Haem iron can be found in:

  • Red meat
  • Chicken
  • Fish
  • Oysters
  • Clams
  • Shellfish

Non-haem iron can be found in:

  • Egg yolks
  • Nuts
  • Legumes
  • Beetroot
  • Tofu

Food substances that can enhance the absorption of iron include:

  • Vitamin C-rich foods (citrus, capsicum, leafy greens, tomatoes)
  • Meat (when eaten with non-haem food sources)

For individuals diagnosed with low or deficient iron levels, appropriate forms and doses of oral supplementation or blood iron infusions may be appropriate.  

Who can benefit from it?

Anyone who has been diagnosed with low or deficient levels of iron needs to increase their intake and address underlying factors causing low iron levels.

Individuals at particularly high risk of low or deficient levels include:

  • Young children
  • Adolescents
  • Women during child-bearing years
  • Pregnant women.

Any side effects or interactions with supplemental iron?
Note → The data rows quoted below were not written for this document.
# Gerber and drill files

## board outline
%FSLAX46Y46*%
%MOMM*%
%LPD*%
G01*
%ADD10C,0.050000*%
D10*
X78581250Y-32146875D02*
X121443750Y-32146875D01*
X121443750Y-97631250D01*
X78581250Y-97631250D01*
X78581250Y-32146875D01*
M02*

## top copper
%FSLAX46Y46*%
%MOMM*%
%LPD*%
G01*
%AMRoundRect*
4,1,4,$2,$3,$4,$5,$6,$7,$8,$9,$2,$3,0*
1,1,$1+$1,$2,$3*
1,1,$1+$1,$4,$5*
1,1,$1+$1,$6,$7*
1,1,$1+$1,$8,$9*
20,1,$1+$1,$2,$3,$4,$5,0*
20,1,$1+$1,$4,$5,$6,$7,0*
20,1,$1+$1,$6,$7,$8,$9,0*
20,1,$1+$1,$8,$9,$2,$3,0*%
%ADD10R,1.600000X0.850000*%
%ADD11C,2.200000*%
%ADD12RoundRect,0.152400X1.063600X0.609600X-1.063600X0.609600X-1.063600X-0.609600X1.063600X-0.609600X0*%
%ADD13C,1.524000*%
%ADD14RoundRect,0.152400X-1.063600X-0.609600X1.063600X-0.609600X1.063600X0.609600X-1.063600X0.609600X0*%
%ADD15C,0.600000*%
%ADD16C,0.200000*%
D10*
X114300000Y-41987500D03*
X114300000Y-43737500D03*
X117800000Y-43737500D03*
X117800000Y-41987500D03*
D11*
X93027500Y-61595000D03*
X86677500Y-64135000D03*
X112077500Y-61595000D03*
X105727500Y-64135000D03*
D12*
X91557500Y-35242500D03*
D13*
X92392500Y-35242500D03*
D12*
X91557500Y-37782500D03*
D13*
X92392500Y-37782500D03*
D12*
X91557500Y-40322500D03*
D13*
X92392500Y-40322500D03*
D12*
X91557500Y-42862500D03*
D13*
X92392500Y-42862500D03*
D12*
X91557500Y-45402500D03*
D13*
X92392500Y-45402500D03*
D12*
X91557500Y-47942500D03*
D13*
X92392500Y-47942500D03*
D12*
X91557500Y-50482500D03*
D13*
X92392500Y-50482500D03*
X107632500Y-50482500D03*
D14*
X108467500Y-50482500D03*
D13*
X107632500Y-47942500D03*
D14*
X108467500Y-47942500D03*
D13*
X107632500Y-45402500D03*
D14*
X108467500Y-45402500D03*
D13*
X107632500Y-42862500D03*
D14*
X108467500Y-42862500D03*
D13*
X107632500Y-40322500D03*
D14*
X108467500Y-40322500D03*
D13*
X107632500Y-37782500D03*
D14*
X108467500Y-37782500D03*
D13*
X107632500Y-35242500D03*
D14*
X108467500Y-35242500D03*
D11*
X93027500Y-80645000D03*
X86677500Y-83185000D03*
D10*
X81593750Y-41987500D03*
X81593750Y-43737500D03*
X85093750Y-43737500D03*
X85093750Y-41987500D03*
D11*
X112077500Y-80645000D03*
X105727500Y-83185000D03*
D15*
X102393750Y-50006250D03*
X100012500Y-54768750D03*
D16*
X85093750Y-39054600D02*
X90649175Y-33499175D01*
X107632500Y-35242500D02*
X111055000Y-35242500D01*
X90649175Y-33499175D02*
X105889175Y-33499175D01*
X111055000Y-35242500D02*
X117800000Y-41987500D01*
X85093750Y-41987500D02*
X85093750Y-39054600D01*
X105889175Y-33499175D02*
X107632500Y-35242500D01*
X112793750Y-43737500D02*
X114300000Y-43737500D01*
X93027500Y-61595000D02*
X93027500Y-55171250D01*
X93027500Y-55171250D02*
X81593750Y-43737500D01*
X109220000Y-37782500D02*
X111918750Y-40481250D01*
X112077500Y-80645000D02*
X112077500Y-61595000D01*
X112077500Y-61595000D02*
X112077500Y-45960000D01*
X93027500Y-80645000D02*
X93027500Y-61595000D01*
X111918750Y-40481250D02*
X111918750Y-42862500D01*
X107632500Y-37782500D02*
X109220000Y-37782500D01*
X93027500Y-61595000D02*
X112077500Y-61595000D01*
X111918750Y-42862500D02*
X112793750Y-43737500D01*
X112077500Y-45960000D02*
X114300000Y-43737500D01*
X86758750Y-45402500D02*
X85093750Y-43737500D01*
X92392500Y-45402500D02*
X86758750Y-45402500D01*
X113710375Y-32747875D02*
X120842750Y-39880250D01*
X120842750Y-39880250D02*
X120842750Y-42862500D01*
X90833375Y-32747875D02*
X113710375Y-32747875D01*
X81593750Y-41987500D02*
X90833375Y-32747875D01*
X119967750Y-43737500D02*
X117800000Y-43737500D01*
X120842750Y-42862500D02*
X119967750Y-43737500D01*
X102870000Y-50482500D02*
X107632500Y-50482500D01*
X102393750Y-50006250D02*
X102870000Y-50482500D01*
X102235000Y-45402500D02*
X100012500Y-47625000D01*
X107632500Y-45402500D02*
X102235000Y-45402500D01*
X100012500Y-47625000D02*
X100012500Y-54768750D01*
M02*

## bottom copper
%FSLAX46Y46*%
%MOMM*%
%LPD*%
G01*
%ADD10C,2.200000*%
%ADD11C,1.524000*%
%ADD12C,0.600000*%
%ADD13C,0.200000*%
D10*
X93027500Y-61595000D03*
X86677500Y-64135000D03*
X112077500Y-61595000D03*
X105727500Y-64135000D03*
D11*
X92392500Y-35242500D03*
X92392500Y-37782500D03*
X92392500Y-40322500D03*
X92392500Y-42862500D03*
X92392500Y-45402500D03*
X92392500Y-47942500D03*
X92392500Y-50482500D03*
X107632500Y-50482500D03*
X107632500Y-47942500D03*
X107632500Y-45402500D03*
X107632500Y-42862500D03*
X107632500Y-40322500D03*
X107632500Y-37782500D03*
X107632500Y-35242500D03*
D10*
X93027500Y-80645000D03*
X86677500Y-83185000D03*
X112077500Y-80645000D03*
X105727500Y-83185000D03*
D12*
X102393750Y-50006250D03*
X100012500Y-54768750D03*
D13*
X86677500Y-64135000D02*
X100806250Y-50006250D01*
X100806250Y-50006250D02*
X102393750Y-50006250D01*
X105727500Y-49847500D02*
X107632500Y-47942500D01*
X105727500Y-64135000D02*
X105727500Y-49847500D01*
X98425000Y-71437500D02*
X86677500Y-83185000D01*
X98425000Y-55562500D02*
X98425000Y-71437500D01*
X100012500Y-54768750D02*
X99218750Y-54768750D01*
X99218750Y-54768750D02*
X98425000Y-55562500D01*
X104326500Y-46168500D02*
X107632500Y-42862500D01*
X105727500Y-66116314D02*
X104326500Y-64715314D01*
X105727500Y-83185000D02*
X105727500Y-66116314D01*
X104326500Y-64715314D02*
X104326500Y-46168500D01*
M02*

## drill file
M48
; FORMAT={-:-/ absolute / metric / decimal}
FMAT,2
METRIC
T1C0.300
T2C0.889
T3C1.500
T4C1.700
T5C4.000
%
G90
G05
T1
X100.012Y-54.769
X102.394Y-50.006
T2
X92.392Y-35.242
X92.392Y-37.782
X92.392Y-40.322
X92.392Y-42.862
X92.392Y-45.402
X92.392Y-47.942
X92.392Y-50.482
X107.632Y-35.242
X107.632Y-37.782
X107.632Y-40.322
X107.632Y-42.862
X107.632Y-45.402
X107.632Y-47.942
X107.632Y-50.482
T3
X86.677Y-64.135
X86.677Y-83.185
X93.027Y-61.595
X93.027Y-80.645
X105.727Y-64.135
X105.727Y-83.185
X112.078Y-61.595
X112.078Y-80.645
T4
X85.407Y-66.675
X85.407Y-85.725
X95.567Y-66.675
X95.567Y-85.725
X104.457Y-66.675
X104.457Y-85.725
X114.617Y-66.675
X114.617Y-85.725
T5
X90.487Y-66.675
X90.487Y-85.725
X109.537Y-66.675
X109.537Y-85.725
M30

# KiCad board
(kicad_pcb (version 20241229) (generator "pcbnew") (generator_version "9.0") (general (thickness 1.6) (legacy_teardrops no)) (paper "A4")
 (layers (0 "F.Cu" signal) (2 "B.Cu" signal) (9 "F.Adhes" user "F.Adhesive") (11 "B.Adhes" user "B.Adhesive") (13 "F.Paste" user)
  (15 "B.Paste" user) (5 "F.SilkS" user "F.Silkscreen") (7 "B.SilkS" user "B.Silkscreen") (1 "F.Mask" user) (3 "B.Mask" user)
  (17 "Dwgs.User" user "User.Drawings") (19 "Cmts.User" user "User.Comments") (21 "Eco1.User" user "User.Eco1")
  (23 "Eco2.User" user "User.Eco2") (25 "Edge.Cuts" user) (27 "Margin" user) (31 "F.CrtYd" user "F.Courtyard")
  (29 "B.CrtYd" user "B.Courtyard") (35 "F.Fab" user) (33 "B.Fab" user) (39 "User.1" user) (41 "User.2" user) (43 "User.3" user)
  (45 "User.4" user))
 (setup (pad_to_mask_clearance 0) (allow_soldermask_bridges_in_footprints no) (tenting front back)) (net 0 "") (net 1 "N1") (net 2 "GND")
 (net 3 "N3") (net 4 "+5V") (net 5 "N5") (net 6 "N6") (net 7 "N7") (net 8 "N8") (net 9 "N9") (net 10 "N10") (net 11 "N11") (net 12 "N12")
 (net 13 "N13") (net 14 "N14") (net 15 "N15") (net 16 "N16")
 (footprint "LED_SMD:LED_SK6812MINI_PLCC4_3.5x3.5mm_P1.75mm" (layer "F.Cu") (at 116.05 42.8625)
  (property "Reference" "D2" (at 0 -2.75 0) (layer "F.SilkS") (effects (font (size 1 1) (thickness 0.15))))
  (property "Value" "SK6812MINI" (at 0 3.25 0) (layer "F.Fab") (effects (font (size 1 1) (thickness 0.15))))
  (pad "1" smd rect (at -1.75 -0.875) (size 1.6 0.85) (layers "F.Cu" "F.Mask" "F.Paste") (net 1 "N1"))
  (pad "2" smd rect (at -1.75 0.875) (size 1.6 0.85) (layers "F.Cu" "F.Mask" "F.Paste") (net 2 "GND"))
  (pad "3" smd rect (at 1.75 0.875) (size 1.6 0.85) (layers "F.Cu" "F.Mask" "F.Paste") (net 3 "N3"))
  (pad "4" smd rect (at 1.75 -0.875) (size 1.6 0.85) (layers "F.Cu" "F.Mask" "F.Paste") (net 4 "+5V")))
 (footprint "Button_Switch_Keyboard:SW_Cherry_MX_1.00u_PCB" (layer "F.Cu") (at 93.0275 61.595)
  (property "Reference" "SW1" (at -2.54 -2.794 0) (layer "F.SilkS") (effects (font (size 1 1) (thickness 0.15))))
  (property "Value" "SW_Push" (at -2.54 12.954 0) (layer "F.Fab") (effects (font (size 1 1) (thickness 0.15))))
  (pad "" np_thru_hole circle (at -7.62 5.08) (size 1.7 1.7) (drill 1.7) (layers "*.Cu" "*.Mask"))
  (pad "" np_thru_hole circle (at -2.54 5.08) (size 4 4) (drill 4) (layers "*.Cu" "*.Mask"))
  (pad "" np_thru_hole circle (at 2.54 5.08) (size 1.7 1.7) (drill 1.7) (layers "*.Cu" "*.Mask"))
  (pad "1" thru_hole circle (at 0 0) (size 2.2 2.2) (drill 1.5) (layers "*.Cu" "*.Mask") (remove_unused_layers no) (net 2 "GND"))
  (pad "2" thru_hole circle (at -6.35 2.54) (size 2.2 2.2) (drill 1.5) (layers "*.Cu" "*.Mask") (remove_unused_layers no) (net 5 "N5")))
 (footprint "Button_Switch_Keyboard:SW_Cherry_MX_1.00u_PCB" (layer "F.Cu") (at 112.0775 61.595)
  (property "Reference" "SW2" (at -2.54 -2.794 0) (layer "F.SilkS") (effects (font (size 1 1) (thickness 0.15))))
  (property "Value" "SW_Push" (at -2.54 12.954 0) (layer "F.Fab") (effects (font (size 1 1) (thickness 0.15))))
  (pad "" np_thru_hole circle (at -7.62 5.08) (size 1.7 1.7) (drill 1.7) (layers "*.Cu" "*.Mask"))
Too much iron in the body can be toxic so it is vital supplemental iron is only taken if iron deficiency is diagnosed.

Signs of iron overload include vomiting, bloody diarrhoea, liver toxicity, shock and impaired consciousness.

If iron supplements are prescribed, ensure they are taken at the recommended dose and taken 2 hours away from substances that can interfere with its absorption including:

  • Medications (ACE inhibitors, antacids, cimetidine, erythropoietin, anti-ulcer drugs, L-dopa, omeprazole, penicillamine, quinolone or tetracyclic antibiotics, sulfasalazine, thyroxine)
  • Dairy products
  • Eggs
  • High-tannin tea (green, raspberry leaf, bilberry – adding milk to tea may reduce this iron-binding effect)
  • Phytates (found in wholegrains and legumes)
  • Oxalic acid (spinach, chard, chocolate, berries, tea)
  • Zinc supplements.

Iron supplements tend to be tolerated better when taken with food.